• **TRY IT**
Filter the records, keeping every line that has the string "Paste".

[Stored data]

::::::::::

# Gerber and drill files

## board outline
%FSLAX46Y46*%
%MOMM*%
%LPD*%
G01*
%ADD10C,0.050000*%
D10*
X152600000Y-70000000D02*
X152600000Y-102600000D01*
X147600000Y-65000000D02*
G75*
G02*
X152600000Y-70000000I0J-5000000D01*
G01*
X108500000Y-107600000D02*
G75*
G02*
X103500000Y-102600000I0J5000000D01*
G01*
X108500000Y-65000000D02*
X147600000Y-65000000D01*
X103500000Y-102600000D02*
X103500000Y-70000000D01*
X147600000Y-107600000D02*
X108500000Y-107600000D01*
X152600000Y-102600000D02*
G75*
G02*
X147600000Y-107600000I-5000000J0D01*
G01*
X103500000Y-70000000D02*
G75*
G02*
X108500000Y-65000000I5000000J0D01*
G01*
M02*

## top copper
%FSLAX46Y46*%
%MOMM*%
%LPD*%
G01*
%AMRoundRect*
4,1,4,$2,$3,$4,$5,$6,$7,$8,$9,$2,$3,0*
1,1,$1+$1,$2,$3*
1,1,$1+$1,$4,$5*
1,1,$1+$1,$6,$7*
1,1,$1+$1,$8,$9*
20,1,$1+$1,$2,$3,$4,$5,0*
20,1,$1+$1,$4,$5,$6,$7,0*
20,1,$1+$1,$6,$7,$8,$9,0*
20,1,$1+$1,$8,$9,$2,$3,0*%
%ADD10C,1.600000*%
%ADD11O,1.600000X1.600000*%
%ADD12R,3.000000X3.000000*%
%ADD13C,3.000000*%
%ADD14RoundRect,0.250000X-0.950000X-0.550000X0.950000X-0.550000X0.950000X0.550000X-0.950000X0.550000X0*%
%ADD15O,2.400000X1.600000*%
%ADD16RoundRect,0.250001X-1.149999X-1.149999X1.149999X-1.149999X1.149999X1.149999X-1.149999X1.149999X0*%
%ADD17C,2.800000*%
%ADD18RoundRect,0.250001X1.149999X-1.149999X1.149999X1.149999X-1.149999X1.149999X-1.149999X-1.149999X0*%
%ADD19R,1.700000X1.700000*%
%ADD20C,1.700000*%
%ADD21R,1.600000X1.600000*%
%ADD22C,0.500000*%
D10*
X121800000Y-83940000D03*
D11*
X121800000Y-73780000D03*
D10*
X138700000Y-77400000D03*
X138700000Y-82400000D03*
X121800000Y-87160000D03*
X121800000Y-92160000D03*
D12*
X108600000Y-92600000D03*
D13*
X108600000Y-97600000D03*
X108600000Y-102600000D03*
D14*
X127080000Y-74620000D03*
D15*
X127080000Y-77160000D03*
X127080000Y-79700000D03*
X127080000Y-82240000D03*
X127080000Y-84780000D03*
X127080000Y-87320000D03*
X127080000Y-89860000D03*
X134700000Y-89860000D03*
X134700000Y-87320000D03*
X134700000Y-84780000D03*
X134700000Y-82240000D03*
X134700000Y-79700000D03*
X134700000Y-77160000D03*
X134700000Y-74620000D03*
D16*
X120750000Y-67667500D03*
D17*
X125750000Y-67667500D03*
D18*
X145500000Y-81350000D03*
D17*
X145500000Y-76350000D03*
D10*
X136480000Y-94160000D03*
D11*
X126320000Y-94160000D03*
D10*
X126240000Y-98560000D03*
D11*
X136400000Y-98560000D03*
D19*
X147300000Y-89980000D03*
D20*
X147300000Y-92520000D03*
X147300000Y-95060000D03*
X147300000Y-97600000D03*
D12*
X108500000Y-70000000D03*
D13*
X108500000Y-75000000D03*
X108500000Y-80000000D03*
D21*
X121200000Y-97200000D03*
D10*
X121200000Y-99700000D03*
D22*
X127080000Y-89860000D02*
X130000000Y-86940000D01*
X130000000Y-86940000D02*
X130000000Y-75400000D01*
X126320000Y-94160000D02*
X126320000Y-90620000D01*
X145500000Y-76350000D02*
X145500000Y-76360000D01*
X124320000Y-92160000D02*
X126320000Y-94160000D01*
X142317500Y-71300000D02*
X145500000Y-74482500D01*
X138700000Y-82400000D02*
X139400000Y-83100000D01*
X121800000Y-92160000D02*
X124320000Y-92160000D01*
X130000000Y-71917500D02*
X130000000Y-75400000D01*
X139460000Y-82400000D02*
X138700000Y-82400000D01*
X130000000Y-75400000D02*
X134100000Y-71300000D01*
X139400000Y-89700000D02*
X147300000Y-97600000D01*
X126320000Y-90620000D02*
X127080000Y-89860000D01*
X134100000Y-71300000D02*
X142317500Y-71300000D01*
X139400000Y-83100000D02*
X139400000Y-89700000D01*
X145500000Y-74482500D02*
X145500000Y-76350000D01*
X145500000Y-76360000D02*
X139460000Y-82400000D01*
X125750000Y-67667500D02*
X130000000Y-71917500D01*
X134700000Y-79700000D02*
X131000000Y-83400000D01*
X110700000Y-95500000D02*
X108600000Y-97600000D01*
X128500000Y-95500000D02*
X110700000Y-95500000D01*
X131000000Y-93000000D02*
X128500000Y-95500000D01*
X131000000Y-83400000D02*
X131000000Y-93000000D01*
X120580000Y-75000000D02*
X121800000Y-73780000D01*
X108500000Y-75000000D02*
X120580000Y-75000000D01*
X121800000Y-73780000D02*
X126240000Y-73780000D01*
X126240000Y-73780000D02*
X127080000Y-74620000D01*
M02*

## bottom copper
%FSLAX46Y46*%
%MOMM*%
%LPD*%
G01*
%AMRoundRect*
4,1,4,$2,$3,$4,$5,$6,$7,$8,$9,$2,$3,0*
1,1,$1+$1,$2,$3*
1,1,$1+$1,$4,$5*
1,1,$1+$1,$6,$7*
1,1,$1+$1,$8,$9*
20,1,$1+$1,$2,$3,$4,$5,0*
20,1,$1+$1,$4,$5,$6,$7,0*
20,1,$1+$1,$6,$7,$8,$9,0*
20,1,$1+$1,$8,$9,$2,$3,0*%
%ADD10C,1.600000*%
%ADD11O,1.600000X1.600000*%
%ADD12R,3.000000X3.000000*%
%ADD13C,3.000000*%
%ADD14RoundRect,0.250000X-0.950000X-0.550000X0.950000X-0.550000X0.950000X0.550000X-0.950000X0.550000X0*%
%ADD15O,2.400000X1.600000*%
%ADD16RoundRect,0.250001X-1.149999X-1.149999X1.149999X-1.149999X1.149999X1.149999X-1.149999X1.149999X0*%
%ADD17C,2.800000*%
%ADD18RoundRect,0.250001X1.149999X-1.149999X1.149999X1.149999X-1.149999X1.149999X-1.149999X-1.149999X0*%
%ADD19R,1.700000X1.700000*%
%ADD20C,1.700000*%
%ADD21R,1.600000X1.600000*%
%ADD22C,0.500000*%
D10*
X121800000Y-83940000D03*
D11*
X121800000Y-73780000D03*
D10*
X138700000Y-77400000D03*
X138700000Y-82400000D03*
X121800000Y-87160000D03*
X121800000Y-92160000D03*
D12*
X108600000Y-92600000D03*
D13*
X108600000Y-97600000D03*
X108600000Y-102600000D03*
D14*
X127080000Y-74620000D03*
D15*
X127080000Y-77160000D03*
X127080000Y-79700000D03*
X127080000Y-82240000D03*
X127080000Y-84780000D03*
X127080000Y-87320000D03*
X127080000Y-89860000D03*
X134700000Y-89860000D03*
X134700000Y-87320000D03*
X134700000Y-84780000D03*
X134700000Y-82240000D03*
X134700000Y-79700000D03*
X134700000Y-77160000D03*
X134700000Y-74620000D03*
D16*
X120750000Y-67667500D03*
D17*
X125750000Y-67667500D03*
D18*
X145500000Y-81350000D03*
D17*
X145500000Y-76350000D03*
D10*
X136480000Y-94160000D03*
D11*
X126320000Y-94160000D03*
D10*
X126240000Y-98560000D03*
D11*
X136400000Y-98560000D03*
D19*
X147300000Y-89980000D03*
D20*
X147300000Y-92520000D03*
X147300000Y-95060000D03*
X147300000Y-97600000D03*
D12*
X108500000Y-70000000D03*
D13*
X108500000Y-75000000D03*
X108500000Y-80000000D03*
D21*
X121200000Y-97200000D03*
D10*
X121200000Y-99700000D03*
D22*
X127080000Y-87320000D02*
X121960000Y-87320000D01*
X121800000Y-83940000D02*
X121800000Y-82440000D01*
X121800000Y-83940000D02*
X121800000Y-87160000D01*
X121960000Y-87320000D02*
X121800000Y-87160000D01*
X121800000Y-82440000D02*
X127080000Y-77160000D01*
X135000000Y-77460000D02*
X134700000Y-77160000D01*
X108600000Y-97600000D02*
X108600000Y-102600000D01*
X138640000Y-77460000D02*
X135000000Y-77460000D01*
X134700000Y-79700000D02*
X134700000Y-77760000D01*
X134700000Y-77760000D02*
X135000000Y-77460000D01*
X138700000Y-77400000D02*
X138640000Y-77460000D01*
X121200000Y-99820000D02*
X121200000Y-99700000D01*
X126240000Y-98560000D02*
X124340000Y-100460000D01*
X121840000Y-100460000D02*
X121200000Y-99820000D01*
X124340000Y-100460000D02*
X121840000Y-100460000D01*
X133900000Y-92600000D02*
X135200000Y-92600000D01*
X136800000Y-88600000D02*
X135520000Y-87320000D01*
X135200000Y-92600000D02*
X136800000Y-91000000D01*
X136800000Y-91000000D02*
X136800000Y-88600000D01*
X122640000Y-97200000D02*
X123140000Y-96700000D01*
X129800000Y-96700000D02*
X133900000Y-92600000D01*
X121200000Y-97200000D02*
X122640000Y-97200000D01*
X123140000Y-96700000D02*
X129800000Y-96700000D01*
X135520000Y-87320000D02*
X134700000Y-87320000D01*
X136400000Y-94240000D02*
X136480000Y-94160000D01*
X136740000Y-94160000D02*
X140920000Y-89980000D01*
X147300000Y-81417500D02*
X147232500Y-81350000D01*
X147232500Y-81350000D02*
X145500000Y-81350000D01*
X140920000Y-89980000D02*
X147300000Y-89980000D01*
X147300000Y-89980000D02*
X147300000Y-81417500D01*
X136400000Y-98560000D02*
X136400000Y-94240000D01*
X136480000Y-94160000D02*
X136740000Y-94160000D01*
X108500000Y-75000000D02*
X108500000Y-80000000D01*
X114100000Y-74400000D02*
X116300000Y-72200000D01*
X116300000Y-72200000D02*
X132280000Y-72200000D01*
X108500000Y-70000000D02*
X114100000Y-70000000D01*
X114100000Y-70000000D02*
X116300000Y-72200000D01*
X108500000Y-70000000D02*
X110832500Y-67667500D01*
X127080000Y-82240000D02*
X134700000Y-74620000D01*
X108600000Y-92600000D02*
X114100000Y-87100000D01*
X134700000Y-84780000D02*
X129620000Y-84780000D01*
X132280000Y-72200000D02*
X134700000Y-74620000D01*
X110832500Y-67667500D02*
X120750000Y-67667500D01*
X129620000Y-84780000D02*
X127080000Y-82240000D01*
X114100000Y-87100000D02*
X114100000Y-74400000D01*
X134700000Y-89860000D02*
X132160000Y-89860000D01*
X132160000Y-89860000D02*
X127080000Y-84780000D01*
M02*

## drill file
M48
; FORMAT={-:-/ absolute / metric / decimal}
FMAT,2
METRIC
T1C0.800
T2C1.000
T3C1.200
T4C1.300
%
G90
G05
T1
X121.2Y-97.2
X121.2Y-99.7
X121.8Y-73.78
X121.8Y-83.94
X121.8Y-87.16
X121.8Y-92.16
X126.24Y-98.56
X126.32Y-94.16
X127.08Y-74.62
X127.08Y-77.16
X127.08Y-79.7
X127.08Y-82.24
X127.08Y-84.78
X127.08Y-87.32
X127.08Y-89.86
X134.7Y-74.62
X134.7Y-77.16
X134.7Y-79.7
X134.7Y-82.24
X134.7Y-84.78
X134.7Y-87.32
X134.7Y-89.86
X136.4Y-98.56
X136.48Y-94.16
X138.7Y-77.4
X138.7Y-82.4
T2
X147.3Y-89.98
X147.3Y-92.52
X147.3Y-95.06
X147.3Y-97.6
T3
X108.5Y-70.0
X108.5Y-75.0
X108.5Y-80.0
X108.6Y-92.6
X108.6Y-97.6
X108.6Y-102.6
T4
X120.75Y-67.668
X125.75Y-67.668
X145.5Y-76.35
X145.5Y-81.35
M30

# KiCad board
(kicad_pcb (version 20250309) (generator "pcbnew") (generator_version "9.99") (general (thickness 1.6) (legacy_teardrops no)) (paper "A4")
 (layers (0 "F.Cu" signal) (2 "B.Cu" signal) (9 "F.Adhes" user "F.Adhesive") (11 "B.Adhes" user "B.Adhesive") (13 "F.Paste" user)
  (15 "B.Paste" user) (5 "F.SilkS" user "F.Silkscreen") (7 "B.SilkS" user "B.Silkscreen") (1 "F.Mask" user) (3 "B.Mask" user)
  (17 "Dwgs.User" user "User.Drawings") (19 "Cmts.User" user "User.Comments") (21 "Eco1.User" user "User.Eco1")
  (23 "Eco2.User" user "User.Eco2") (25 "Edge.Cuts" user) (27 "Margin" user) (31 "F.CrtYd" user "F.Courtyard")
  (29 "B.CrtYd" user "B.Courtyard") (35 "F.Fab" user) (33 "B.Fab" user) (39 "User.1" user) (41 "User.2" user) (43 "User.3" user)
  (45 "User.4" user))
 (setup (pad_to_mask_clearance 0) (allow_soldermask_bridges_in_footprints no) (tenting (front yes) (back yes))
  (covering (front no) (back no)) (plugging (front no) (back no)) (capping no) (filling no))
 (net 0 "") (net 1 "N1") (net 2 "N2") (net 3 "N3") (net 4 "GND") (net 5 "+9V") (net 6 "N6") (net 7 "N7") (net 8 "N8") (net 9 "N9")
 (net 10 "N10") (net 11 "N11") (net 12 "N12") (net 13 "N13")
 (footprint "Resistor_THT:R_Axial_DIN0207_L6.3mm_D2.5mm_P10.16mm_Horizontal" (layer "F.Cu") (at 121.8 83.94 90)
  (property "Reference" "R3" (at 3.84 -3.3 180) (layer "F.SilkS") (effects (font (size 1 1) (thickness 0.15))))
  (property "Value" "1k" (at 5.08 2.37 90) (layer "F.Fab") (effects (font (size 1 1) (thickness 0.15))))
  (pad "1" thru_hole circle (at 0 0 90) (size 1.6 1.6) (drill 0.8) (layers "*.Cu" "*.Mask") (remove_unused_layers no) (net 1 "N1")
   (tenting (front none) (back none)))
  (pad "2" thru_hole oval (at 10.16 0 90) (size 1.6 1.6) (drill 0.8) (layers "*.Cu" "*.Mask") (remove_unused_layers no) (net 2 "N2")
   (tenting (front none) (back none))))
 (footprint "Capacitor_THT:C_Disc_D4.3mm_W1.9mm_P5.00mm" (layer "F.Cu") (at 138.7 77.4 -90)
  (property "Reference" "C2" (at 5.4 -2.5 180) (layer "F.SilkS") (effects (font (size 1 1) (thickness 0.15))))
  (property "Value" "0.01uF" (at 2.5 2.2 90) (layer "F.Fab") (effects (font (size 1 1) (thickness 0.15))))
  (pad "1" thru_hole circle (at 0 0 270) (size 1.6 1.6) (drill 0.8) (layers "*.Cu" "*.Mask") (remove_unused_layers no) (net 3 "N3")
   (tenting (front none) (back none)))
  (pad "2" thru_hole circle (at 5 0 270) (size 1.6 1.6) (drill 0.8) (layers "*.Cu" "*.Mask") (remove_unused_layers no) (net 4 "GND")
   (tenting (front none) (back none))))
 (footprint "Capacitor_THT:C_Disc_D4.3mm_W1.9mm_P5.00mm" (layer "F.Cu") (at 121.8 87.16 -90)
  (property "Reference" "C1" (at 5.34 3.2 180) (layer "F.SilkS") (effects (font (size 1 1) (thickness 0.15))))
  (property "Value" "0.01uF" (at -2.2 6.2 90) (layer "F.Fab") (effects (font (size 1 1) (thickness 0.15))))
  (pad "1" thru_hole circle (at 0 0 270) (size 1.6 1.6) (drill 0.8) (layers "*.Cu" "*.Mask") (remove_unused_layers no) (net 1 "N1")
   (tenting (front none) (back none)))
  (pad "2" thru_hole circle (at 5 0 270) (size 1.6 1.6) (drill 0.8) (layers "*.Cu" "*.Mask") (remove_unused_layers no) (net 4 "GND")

::::::::::

• **EXERCISE RESULT**
 (layers (0 "F.Cu" signal) (2 "B.Cu" signal) (9 "F.Adhes" user "F.Adhesive") (11 "B.Adhes" user "B.Adhesive") (13 "F.Paste" user)
  (15 "B.Paste" user) (5 "F.SilkS" user "F.Silkscreen") (7 "B.SilkS" user "B.Silkscreen") (1 "F.Mask" user) (3 "B.Mask" user)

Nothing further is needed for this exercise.